[[ Data, beginning ]]

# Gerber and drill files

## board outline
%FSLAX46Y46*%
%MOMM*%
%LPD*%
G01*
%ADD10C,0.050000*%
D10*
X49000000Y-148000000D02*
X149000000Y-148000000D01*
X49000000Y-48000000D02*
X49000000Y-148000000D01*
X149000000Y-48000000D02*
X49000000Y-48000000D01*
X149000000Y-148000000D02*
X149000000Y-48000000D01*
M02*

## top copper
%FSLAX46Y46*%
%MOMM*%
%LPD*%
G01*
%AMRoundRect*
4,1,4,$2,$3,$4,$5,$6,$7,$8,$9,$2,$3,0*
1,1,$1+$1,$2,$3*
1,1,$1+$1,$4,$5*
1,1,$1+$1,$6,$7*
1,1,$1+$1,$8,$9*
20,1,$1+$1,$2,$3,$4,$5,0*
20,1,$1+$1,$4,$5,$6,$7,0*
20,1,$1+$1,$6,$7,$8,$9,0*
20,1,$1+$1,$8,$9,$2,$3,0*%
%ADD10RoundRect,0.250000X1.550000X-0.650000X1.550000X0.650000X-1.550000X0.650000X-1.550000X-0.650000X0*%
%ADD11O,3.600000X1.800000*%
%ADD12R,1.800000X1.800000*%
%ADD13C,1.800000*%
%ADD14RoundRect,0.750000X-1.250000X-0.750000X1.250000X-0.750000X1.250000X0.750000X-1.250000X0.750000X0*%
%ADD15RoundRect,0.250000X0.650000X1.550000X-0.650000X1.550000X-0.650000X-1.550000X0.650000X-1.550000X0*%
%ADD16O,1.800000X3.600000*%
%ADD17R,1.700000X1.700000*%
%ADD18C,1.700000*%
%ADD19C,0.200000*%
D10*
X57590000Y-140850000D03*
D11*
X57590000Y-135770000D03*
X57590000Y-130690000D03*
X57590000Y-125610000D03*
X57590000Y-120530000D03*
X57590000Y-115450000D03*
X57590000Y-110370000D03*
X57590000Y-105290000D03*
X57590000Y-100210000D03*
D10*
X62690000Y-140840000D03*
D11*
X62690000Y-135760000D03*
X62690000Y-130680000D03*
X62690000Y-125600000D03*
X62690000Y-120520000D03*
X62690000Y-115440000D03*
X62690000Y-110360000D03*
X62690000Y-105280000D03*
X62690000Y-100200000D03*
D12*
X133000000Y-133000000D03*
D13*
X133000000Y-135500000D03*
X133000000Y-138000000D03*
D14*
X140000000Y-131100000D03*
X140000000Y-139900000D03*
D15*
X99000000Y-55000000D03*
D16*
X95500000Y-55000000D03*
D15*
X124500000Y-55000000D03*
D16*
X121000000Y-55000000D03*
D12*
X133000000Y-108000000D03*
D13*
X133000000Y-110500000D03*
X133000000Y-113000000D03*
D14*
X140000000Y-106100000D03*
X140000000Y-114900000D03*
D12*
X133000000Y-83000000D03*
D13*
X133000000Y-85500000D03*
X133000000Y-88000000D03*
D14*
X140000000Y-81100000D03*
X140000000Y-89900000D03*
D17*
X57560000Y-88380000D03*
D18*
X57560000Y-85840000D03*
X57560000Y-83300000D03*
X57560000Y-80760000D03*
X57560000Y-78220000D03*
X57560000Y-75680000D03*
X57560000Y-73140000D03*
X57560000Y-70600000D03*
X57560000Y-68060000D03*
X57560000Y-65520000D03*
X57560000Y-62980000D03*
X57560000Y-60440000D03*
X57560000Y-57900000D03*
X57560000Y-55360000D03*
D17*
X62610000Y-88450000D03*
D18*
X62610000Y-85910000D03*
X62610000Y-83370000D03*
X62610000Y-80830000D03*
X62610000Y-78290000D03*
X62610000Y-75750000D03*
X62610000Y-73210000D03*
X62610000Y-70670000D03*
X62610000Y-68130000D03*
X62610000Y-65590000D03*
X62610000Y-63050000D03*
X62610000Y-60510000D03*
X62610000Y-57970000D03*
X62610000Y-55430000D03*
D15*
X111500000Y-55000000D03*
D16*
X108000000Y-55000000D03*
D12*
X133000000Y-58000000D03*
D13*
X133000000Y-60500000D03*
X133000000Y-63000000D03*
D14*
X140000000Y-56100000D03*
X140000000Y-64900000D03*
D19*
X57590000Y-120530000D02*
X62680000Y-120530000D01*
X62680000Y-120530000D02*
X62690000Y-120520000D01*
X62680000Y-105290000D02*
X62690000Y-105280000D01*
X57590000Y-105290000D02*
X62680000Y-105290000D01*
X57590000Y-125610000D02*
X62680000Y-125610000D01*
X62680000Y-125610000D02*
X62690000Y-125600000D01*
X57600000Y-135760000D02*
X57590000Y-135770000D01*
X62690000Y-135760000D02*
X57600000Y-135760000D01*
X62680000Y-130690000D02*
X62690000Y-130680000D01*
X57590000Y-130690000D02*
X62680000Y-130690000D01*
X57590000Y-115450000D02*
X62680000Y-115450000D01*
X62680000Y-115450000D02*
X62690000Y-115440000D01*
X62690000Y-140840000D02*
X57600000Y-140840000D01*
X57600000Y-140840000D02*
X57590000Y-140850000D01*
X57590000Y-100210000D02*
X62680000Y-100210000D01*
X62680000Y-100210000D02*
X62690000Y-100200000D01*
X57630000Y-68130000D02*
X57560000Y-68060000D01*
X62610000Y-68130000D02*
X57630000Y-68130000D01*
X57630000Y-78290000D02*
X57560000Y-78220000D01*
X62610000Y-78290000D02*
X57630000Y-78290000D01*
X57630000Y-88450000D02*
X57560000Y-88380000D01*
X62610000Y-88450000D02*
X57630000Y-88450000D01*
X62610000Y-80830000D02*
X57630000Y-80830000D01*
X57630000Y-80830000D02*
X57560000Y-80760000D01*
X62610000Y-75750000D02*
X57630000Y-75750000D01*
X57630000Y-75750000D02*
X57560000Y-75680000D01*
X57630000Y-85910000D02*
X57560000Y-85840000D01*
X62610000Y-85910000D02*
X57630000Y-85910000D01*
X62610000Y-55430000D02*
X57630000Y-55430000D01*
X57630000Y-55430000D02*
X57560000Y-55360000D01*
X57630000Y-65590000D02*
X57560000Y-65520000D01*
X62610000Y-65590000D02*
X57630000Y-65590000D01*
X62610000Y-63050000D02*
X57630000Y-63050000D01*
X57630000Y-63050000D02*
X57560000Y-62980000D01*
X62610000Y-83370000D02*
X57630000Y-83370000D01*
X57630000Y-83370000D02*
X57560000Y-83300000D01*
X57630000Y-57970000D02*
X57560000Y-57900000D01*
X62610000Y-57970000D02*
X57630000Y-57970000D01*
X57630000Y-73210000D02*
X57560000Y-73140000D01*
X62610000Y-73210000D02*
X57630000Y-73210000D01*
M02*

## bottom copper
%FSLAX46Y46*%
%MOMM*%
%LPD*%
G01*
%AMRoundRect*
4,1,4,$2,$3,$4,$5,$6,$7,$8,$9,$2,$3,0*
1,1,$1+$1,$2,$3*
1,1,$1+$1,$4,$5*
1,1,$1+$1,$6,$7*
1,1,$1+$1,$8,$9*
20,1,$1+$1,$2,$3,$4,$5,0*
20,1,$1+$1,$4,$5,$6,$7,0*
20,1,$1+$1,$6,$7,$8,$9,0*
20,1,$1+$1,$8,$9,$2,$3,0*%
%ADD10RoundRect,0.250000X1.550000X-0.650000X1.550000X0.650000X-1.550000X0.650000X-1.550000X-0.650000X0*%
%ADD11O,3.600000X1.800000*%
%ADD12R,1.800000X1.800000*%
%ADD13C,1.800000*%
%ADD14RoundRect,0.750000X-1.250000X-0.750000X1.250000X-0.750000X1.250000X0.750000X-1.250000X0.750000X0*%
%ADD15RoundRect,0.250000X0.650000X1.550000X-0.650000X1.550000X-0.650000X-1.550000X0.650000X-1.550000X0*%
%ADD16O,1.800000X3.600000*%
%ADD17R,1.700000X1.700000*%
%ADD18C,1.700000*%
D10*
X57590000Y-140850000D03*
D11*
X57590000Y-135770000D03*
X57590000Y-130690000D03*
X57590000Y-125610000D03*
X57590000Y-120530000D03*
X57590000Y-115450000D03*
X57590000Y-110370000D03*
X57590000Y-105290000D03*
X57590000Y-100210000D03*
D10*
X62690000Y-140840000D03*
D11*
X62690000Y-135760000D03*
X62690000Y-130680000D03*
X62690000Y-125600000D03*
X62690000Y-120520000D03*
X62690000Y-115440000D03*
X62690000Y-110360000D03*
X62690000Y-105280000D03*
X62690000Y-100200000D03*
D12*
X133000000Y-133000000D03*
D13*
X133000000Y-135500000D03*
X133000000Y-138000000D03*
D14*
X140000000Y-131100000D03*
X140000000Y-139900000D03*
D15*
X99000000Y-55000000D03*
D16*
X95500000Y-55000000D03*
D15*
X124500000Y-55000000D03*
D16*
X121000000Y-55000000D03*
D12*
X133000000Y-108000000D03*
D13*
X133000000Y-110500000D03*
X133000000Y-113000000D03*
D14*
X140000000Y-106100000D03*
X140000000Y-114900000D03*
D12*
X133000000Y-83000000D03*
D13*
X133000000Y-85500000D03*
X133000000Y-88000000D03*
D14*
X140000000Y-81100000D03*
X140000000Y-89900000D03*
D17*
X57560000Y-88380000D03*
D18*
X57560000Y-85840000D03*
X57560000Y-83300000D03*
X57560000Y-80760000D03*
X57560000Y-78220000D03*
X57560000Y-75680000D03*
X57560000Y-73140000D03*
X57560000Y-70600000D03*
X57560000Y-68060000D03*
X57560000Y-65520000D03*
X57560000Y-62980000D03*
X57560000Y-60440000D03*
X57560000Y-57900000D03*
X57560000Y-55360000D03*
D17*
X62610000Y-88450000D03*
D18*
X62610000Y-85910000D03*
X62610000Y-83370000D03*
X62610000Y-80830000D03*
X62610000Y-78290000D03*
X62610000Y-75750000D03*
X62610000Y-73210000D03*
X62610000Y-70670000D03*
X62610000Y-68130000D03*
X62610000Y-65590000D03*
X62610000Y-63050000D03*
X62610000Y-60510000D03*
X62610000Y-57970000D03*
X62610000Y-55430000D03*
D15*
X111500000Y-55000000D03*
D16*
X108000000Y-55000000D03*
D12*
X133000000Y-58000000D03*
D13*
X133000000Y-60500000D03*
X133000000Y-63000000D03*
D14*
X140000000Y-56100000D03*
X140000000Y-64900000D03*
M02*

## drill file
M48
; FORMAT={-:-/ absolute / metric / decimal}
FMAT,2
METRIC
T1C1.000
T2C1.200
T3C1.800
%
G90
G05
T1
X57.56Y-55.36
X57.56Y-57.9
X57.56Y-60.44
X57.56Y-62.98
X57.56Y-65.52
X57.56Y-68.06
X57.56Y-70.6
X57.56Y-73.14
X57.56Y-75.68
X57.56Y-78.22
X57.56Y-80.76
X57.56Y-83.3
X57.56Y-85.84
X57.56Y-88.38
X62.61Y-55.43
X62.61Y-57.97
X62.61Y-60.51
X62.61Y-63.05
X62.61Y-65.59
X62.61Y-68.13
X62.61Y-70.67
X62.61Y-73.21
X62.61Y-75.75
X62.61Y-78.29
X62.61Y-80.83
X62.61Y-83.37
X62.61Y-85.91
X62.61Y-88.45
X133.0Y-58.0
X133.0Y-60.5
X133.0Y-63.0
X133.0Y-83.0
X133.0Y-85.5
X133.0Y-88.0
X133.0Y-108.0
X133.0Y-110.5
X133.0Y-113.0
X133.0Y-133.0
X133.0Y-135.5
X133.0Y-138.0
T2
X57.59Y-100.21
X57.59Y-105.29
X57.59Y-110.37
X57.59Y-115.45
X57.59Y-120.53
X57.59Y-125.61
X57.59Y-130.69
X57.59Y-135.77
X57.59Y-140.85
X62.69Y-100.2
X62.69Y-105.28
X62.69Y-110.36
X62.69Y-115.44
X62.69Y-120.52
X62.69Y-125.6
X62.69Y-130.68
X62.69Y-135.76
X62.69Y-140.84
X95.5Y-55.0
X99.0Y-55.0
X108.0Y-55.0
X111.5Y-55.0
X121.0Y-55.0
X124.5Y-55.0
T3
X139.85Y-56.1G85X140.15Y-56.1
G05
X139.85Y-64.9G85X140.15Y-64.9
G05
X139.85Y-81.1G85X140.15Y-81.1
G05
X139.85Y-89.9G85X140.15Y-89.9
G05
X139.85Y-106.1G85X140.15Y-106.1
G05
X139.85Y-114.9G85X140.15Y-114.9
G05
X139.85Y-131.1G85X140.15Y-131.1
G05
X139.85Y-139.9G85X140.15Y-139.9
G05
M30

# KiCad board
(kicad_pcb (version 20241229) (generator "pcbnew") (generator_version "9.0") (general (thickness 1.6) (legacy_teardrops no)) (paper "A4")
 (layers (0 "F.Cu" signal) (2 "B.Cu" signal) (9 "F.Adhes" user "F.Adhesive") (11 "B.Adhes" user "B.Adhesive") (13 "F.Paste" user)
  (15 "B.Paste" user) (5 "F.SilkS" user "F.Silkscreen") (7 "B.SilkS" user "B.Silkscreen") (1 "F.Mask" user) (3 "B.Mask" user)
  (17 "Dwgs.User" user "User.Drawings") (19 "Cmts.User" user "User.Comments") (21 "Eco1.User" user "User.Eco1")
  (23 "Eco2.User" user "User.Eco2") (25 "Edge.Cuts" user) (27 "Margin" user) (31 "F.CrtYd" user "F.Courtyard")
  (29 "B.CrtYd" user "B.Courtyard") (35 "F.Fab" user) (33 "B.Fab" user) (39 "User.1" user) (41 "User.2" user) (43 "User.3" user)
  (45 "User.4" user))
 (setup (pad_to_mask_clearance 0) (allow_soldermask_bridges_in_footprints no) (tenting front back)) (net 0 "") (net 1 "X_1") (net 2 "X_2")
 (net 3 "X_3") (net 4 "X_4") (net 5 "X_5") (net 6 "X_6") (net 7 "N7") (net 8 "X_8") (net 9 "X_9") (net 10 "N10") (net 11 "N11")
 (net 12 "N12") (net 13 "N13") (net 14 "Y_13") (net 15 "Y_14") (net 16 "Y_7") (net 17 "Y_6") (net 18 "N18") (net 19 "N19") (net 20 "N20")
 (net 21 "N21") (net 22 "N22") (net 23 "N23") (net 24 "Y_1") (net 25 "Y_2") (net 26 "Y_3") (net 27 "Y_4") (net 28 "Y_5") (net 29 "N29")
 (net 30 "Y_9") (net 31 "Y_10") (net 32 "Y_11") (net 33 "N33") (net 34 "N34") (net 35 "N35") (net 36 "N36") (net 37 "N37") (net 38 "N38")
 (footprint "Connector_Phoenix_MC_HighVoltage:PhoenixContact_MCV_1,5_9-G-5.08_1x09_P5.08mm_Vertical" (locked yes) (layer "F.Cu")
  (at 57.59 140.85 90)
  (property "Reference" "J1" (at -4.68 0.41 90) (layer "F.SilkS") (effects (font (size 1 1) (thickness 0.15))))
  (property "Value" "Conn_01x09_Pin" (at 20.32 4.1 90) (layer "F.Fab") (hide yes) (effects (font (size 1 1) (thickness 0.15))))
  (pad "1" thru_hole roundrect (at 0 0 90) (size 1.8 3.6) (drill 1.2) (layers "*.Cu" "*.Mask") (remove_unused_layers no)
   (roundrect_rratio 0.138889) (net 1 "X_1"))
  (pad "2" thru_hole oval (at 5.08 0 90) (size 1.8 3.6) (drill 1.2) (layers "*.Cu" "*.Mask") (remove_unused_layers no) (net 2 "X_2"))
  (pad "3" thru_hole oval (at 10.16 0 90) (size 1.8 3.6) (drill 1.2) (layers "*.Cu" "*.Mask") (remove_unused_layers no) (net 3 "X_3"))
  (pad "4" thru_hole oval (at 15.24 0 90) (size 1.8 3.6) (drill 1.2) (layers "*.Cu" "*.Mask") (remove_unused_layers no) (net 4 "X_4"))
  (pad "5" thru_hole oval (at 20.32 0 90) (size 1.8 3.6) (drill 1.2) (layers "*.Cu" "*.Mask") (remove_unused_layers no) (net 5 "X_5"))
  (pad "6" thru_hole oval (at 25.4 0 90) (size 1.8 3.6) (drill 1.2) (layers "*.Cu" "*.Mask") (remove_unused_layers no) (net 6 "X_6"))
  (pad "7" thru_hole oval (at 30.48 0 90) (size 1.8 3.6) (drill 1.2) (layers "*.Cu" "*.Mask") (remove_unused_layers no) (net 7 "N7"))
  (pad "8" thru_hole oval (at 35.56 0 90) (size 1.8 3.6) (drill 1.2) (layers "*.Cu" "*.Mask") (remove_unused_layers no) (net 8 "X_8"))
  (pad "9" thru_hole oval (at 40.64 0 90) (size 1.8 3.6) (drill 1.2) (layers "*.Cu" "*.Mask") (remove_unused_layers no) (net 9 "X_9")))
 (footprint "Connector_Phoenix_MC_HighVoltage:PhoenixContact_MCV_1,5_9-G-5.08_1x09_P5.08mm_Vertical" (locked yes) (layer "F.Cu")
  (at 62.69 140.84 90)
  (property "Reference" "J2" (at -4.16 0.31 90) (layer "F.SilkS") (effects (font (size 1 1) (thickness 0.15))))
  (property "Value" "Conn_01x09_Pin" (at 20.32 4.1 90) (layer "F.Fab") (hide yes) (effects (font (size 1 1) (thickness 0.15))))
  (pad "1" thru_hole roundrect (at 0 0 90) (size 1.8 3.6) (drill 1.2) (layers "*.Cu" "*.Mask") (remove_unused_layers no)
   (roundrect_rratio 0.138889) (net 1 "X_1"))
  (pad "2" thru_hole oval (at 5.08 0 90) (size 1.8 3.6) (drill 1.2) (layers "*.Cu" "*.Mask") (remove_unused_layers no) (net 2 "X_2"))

[[ Data, end ]]
[[ Data, beginning ]]

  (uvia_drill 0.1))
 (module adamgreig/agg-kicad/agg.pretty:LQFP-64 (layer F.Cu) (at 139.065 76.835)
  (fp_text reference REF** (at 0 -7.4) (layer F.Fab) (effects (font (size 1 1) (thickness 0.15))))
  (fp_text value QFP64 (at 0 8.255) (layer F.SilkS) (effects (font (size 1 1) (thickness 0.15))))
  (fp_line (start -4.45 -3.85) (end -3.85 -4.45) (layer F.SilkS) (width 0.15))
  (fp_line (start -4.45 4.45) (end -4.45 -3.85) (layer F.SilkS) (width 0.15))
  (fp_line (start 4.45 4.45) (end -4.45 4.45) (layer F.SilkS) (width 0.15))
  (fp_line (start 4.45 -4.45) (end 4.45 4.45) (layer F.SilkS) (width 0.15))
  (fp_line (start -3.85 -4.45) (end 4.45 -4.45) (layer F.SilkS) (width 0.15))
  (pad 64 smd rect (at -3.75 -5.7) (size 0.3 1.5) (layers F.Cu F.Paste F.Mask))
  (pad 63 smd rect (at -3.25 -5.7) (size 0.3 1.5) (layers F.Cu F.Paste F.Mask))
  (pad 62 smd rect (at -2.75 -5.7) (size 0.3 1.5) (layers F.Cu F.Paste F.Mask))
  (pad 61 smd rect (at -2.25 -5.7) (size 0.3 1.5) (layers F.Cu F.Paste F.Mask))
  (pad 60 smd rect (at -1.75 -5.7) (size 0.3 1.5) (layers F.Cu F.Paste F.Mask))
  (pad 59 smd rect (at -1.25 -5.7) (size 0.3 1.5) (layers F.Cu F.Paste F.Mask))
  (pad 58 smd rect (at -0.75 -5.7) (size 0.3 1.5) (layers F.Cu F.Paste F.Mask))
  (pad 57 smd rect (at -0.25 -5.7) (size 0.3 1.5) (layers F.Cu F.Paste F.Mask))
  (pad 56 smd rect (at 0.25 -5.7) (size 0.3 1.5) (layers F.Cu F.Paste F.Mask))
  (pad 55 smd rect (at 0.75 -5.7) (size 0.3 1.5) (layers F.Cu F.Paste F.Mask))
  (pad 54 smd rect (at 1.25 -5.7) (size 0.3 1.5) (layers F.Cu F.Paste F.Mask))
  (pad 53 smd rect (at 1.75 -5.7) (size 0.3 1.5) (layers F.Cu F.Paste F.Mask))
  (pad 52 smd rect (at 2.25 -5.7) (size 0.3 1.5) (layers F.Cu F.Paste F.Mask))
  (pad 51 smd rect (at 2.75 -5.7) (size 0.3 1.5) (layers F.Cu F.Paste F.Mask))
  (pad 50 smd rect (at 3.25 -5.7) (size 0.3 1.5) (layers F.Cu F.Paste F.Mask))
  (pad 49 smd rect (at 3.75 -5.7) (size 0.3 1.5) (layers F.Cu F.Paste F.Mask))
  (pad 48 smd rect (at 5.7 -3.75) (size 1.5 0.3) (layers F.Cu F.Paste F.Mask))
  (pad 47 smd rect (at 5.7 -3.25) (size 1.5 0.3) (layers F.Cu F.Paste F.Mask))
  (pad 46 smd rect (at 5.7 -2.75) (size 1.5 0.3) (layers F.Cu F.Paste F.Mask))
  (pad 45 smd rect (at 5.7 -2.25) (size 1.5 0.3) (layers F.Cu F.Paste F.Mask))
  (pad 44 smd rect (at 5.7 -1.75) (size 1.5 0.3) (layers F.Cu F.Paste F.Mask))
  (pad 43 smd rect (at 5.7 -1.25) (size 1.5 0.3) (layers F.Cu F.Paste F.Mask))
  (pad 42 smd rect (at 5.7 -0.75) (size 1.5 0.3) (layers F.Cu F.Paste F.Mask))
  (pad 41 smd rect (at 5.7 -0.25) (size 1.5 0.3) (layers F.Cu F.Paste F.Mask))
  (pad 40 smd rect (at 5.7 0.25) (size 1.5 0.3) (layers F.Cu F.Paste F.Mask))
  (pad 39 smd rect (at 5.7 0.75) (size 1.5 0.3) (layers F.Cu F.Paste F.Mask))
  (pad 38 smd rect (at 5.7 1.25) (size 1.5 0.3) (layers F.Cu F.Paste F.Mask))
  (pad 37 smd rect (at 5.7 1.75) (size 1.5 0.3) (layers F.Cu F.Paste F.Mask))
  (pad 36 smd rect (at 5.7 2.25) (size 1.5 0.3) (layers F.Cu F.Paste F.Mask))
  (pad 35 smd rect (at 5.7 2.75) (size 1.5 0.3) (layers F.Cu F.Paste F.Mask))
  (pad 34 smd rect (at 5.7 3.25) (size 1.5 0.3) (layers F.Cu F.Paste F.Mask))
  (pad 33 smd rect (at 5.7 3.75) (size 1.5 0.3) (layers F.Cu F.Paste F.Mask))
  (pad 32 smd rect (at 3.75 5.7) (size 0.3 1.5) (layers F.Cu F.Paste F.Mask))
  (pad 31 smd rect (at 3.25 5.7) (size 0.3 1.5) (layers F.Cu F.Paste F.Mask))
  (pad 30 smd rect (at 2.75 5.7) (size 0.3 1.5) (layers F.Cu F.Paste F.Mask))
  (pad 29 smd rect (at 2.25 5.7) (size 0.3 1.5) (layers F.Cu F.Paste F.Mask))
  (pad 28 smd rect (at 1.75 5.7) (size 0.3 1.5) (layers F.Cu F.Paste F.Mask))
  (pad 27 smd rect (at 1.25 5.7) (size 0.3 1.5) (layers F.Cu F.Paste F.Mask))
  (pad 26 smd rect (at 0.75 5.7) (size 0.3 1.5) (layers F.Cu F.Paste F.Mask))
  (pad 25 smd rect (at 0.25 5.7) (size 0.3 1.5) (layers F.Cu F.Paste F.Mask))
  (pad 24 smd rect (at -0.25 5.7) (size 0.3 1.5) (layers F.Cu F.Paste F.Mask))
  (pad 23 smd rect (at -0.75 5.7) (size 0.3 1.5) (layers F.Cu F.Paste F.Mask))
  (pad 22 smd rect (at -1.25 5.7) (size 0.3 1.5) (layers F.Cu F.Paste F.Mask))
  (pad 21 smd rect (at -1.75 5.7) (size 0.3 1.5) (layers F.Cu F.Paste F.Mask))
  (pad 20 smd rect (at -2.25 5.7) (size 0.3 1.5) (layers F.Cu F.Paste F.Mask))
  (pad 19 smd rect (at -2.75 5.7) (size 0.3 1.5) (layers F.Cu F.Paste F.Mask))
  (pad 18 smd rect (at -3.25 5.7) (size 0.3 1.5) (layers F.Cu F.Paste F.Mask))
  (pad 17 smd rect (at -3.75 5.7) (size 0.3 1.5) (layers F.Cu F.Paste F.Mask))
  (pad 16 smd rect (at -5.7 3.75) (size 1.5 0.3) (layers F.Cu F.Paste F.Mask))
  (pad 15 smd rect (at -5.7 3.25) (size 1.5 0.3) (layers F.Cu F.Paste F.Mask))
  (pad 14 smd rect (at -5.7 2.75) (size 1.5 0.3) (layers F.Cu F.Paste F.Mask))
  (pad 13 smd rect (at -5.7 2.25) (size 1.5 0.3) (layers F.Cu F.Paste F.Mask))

[[ Data, end ]]

Copy range, inclusive: the line holding "X57590000Y-115450000D02*" to the line holding "X57630000Y-68130000D02*". Reproduce exactly those lines of the records above and no others.

# Result below:
X57590000Y-115450000D02*
X62680000Y-115450000D01*
X62680000Y-115450000D02*
X62690000Y-115440000D01*
X62690000Y-140840000D02*
X57600000Y-140840000D01*
X57600000Y-140840000D02*
X57590000Y-140850000D01*
X57590000Y-100210000D02*
X62680000Y-100210000D01*
X62680000Y-100210000D02*
X62690000Y-100200000D01*
X57630000Y-68130000D02*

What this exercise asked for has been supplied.